Eventually, Jon was able to drag his eyes away, and turned his head very slowly so they fixed wide and staring on Cris instead. He found Cris staring back at him, drenched and dripping, looking about the same. They sat there, staring at each other, heaving for breath. They had never quite let go of each other’s arms.

The yard was entirely obliterated, the driveway vanished as though it had never been, they found when they finally had the presence of mind to look around; all there were were trees and undergrowth, ferns and shrubs and an endless nothing of towering slender trunks. It looked like virgin woods, a place where nobody had ever been. The car was gone, too, it took longer to notice; where it had sat at the end of the driveway had been eclipsed by elderberry and ferns. There were no signs that it had ever even been there in the first place.

They stayed where they were for a long time: catching their breath, staring at the house, wet and still and shell-shocked.

Slowly, finally, they picked themselves up, cleaned themselves off as best they could with dazed numb hands.
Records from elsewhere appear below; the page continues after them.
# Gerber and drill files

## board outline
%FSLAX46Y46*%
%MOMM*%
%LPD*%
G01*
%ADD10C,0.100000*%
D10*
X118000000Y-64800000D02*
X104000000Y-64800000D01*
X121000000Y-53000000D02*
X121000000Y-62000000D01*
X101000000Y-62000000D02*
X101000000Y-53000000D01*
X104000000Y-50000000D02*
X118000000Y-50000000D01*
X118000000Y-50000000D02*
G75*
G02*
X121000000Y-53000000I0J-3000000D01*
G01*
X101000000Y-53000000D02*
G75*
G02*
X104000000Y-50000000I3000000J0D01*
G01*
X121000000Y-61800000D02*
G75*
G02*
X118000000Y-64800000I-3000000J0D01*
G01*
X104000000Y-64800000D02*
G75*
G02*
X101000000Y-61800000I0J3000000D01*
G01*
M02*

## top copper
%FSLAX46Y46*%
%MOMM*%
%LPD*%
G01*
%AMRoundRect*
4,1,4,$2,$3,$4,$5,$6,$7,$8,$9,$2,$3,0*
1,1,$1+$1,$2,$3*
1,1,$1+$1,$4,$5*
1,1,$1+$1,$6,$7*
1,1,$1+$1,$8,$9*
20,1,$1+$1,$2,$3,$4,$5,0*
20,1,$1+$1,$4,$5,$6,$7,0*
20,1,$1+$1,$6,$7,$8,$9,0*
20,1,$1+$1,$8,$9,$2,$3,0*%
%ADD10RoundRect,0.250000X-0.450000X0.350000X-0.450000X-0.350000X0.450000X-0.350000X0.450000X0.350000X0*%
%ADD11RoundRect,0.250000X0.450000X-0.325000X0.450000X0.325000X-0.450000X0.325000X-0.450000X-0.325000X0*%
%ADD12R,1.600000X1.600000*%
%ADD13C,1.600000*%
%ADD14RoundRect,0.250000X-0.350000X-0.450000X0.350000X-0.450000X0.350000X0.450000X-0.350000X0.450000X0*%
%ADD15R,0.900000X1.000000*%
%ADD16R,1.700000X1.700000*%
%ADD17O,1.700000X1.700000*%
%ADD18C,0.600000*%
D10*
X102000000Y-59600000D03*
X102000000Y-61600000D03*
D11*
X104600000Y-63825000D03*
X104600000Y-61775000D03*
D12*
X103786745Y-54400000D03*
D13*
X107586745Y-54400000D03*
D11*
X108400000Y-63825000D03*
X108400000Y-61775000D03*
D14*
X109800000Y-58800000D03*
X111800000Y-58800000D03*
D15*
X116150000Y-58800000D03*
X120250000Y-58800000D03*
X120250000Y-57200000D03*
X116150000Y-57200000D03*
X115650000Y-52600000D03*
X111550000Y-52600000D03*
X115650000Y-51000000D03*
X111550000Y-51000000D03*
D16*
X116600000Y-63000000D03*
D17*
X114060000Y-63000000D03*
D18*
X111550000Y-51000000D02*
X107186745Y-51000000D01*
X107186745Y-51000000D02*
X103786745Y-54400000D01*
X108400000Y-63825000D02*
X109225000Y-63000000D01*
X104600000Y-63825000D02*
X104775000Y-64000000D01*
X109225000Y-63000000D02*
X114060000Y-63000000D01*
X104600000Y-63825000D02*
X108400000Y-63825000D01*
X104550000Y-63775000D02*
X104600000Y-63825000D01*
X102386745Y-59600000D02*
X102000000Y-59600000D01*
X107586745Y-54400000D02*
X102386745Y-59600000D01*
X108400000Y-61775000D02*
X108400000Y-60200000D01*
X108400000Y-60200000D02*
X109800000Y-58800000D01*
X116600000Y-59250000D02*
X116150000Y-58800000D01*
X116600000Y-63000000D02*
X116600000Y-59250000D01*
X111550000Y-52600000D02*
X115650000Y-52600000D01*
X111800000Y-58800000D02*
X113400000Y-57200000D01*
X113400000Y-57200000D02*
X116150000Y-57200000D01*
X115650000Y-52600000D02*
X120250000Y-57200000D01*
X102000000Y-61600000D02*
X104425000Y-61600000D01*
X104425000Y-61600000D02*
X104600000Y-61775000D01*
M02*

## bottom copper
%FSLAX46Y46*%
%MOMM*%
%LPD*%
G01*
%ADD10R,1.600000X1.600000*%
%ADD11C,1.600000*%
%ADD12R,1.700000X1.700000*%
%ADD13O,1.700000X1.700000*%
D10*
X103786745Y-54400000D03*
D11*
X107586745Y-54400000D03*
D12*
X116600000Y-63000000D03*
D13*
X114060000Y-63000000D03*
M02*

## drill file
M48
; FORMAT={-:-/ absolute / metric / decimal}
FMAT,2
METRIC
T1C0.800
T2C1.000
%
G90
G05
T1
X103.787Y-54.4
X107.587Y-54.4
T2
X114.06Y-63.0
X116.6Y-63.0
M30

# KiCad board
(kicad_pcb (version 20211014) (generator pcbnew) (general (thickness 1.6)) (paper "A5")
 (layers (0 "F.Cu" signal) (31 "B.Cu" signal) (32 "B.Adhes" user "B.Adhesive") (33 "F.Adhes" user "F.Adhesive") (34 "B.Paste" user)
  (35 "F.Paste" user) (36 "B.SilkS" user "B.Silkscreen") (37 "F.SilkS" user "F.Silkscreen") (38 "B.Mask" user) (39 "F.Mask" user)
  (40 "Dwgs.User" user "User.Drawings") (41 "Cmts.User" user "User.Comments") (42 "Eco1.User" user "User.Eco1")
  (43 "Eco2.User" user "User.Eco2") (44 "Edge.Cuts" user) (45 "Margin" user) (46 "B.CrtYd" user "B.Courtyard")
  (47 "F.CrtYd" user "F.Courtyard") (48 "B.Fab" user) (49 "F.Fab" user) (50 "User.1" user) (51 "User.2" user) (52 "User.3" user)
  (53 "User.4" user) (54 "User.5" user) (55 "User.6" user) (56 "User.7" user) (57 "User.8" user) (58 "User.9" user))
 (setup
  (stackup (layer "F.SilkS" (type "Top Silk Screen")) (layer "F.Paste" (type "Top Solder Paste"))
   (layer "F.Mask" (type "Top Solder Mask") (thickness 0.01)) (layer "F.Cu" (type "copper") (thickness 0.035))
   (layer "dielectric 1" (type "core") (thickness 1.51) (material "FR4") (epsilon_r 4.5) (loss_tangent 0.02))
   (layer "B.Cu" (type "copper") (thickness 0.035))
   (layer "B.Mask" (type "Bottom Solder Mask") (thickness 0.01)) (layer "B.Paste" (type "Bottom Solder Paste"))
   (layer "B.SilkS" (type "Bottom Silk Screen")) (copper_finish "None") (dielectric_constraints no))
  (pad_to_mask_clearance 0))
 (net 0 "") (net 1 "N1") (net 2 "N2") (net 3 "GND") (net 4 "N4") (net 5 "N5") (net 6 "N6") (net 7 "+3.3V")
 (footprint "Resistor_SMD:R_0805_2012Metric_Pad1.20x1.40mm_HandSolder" (layer "F.Cu") (at 102 60.6 -90)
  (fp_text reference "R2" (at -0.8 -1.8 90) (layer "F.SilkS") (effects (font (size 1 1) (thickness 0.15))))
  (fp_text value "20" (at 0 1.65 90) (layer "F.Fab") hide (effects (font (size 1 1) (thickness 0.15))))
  (pad "1" smd roundrect (at -1 0 270) (size 1.2 1.4) (layers "F.Cu" "F.Paste" "F.Mask") (roundrect_rratio 0.208333) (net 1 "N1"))
  (pad "2" smd roundrect (at 1 0 270) (size 1.2 1.4) (layers "F.Cu" "F.Paste" "F.Mask") (roundrect_rratio 0.208333) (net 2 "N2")))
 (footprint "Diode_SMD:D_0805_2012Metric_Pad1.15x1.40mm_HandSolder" (layer "F.Cu") (at 104.6 62.8 90)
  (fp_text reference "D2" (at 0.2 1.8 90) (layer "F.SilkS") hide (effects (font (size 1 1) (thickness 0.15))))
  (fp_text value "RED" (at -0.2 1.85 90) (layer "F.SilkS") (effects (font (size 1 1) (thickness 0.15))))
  (pad "1" smd roundrect (at -1.025 0 90) (size 1.15 1.4) (layers "F.Cu" "F.Paste" "F.Mask") (roundrect_rratio 0.217391) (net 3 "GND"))
  (pad "2" smd roundrect (at 1.025 0 90) (size 1.15 1.4) (layers "F.Cu" "F.Paste" "F.Mask") (roundrect_rratio 0.217391) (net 2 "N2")))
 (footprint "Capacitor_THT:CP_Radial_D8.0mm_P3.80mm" (layer "F.Cu") (at 103.786745 54.4)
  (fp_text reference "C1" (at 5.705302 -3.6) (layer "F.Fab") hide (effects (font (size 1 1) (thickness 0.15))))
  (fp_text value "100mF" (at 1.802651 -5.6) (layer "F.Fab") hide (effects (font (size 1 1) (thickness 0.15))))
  (pad "1" thru_hole rect (at 0 0) (size 1.6 1.6) (drill 0.8) (layers *.Cu *.Mask) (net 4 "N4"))
  (pad "2" thru_hole circle (at 3.8 0) (size 1.6 1.6) (drill 0.8) (layers *.Cu *.Mask) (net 1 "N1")))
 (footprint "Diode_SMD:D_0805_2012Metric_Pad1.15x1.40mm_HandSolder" (layer "F.Cu") (at 108.4 62.8 90)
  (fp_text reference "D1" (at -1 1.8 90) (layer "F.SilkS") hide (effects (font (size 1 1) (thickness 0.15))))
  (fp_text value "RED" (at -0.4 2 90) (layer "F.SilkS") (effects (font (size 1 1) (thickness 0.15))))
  (pad "1" smd roundrect (at -1.025 0 90) (size 1.15 1.4) (layers "F.Cu" "F.Paste" "F.Mask") (roundrect_rratio 0.217391) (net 3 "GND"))
  (pad "2" smd roundrect (at 1.025 0 90) (size 1.15 1.4) (layers "F.Cu" "F.Paste" "F.Mask") (roundrect_rratio 0.217391) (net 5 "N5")))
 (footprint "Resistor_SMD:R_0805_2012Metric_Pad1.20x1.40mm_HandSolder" (layer "F.Cu") (at 110.8 58.8)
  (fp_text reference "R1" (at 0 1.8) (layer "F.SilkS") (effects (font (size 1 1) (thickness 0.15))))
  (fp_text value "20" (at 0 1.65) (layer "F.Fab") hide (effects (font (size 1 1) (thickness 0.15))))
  (pad "1" smd roundrect (at -1 0) (size 1.2 1.4) (layers "F.Cu" "F.Paste" "F.Mask") (roundrect_rratio 0.208333) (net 5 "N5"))
  (pad "2" smd roundrect (at 1 0) (size 1.2 1.4) (layers "F.Cu" "F.Paste" "F.Mask") (roundrect_rratio 0.208333) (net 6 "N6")))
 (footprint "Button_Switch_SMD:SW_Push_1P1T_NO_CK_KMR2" (layer "F.Cu") (at 118.2 58 180)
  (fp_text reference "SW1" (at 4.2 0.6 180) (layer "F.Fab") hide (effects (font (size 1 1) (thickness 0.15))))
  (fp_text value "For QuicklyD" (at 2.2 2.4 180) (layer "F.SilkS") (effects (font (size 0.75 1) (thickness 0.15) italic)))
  (pad "1" smd rect (at 2.05 -0.8 180) (size 0.9 1) (layers "F.Cu" "F.Paste" "F.Mask") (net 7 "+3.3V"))
  (pad "1" smd rect (at -2.05 -0.8 180) (size 0.9 1) (layers "F.Cu" "F.Paste" "F.Mask") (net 7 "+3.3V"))
  (pad "2" smd rect (at -2.05 0.8 180) (size 0.9 1) (layers "F.Cu" "F.Paste" "F.Mask") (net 6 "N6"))
  (pad "2" smd rect (at 2.05 0.8 180) (size 0.9 1) (layers "F.Cu" "F.Paste" "F.Mask") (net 6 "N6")))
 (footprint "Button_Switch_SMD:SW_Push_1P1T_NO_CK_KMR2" (layer "F.Cu") (at 113.6 51.8 180)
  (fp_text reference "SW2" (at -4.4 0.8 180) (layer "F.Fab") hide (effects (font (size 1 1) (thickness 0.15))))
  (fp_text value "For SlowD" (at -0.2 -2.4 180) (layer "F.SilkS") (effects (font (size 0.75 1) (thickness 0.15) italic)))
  (pad "1" smd rect (at -2.05 -0.8 180) (size 0.9 1) (layers "F.Cu" "F.Paste" "F.Mask") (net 6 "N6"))
  (pad "1" smd rect (at 2.05 -0.8 180) (size 0.9 1) (layers "F.Cu" "F.Paste" "F.Mask") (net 6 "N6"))
  (pad "2" smd rect (at -2.05 0.8 180) (size 0.9 1) (layers "F.Cu" "F.Paste" "F.Mask") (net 4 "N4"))
  (pad "2" smd rect (at 2.05 0.8 180) (size 0.9 1) (layers "F.Cu" "F.Paste" "F.Mask") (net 4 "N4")))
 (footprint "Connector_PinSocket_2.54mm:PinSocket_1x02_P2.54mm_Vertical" (layer "F.Cu") (at 116.6 63 -90)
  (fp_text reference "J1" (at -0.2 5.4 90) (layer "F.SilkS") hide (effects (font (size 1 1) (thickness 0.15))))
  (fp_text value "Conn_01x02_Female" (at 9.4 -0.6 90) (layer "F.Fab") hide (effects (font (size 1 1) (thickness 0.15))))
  (pad "1" thru_hole rect (at 0 0 270) (size 1.7 1.7) (drill 1) (layers *.Cu *.Mask) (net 7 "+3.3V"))
  (pad "2" thru_hole oval (at 0 2.54 270) (size 1.7 1.7) (drill 1) (layers *.Cu *.Mask) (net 3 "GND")))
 (gr_line (start 118 64.8) (end 104 64.8) (layer "Edge.Cuts") (width 0.1))
 (gr_line (start 121 53) (end 121 62) (layer "Edge.Cuts") (width 0.1))
 (gr_line (start 101 62) (end 101 53) (layer "Edge.Cuts") (width 0.1))
 (gr_line (start 104 50) (end 118 50) (layer "Edge.Cuts") (width 0.1))
 (gr_arc (start 118 50) (mid 120.12132 50.87868) (end 121 53) (layer "Edge.Cuts") (width 0.1))
 (gr_arc (start 101 53) (mid 101.87868 50.87868) (end 104 50) (layer "Edge.Cuts") (width 0.1))
 (gr_arc (start 121 61.8) (mid 120.12132 63.92132) (end 118 64.8) (layer "Edge.Cuts") (width 0.1))
 (gr_arc (start 104 64.8) (mid 101.87868 63.92132) (end 101 61.8) (layer "Edge.Cuts") (width 0.1))
 (segment (start 111.55 51) (end 107.186745 51) (width 0.6) (layer "F.Cu") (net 4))
 (segment (start 107.186745 51) (end 103.786745 54.4) (width 0.6) (layer "F.Cu") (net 4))
 (segment (start 108.4 63.825) (end 109.225 63) (width 0.6) (layer "F.Cu") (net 3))
 (segment (start 104.6 63.825) (end 104.775 64) (width 0.6) (layer "F.Cu") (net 3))
 (segment (start 109.225 63) (end 114.06 63) (width 0.6) (layer "F.Cu") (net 3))
 (segment (start 104.6 63.825) (end 108.4 63.825) (width 0.6) (layer "F.Cu") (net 3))
 (segment (start 104.55 63.775) (end 104.6 63.825) (width 0.6) (layer "F.Cu") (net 3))
 (segment (start 102.386745 59.6) (end 102 59.6) (width 0.6) (layer "F.Cu") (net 1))
 (segment (start 107.586745 54.4) (end 102.386745 59.6) (width 0.6) (layer "F.Cu") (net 1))
 (segment (start 108.4 61.775) (end 108.4 60.2) (width 0.6) (layer "F.Cu") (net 5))
 (segment (start 108.4 60.2) (end 109.8 58.8) (width 0.6) (layer "F.Cu") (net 5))
 (segment (start 116.6 59.25) (end 116.15 58.8) (width 0.6) (layer "F.Cu") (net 7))
 (segment (start 116.6 63) (end 116.6 59.25) (width 0.6) (layer "F.Cu") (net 7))
 (segment (start 111.55 52.6) (end 115.65 52.6) (width 0.6) (layer "F.Cu") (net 6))
 (segment (start 111.8 58.8) (end 113.4 57.2) (width 0.6) (layer "F.Cu") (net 6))
 (segment (start 113.4 57.2) (end 116.15 57.2) (width 0.6) (layer "F.Cu") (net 6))
 (segment (start 115.65 52.6) (end 120.25 57.2) (width 0.6) (layer "F.Cu") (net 6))
 (segment (start 102 61.6) (end 104.425 61.6) (width 0.6) (layer "F.Cu") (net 2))
 (segment (start 104.425 61.6) (end 104.6 61.775) (width 0.6) (layer "F.Cu") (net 2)))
The roar of the water in the background was still so loud that they couldn’t really talk, but there didn’t seem to be any need to. Side-by-side, they just turned and started walking toward town, along where the driveway had once been, and then where the road had once been. The breeze caught in Jon’s wet clothes, pleasantly cooling them. It was hot outside.

There was no more dirt road, and then there was no more state road, where they would have turned on to it. Just broken, uneven raised patches of asphalt, caught under and between the roots of trees in a scattered ribbon. Here and there a bit of the yellow line down the middle was orphaned, half-hidden under some greenery or in a bit of shade. Most of it just looked like rock: overgrown with moss, cracked and crinkling, no longer even recognizable as the manmade substance it had once been. They picked their way through the weeds and trees along its edge without speaking, without looking at each other. Cicadas raised a screeching chorus all around them as they walked; but otherwise, everything was silent. No motors. No voices. No planes droning overhead. Nothing anymore, nothing at all.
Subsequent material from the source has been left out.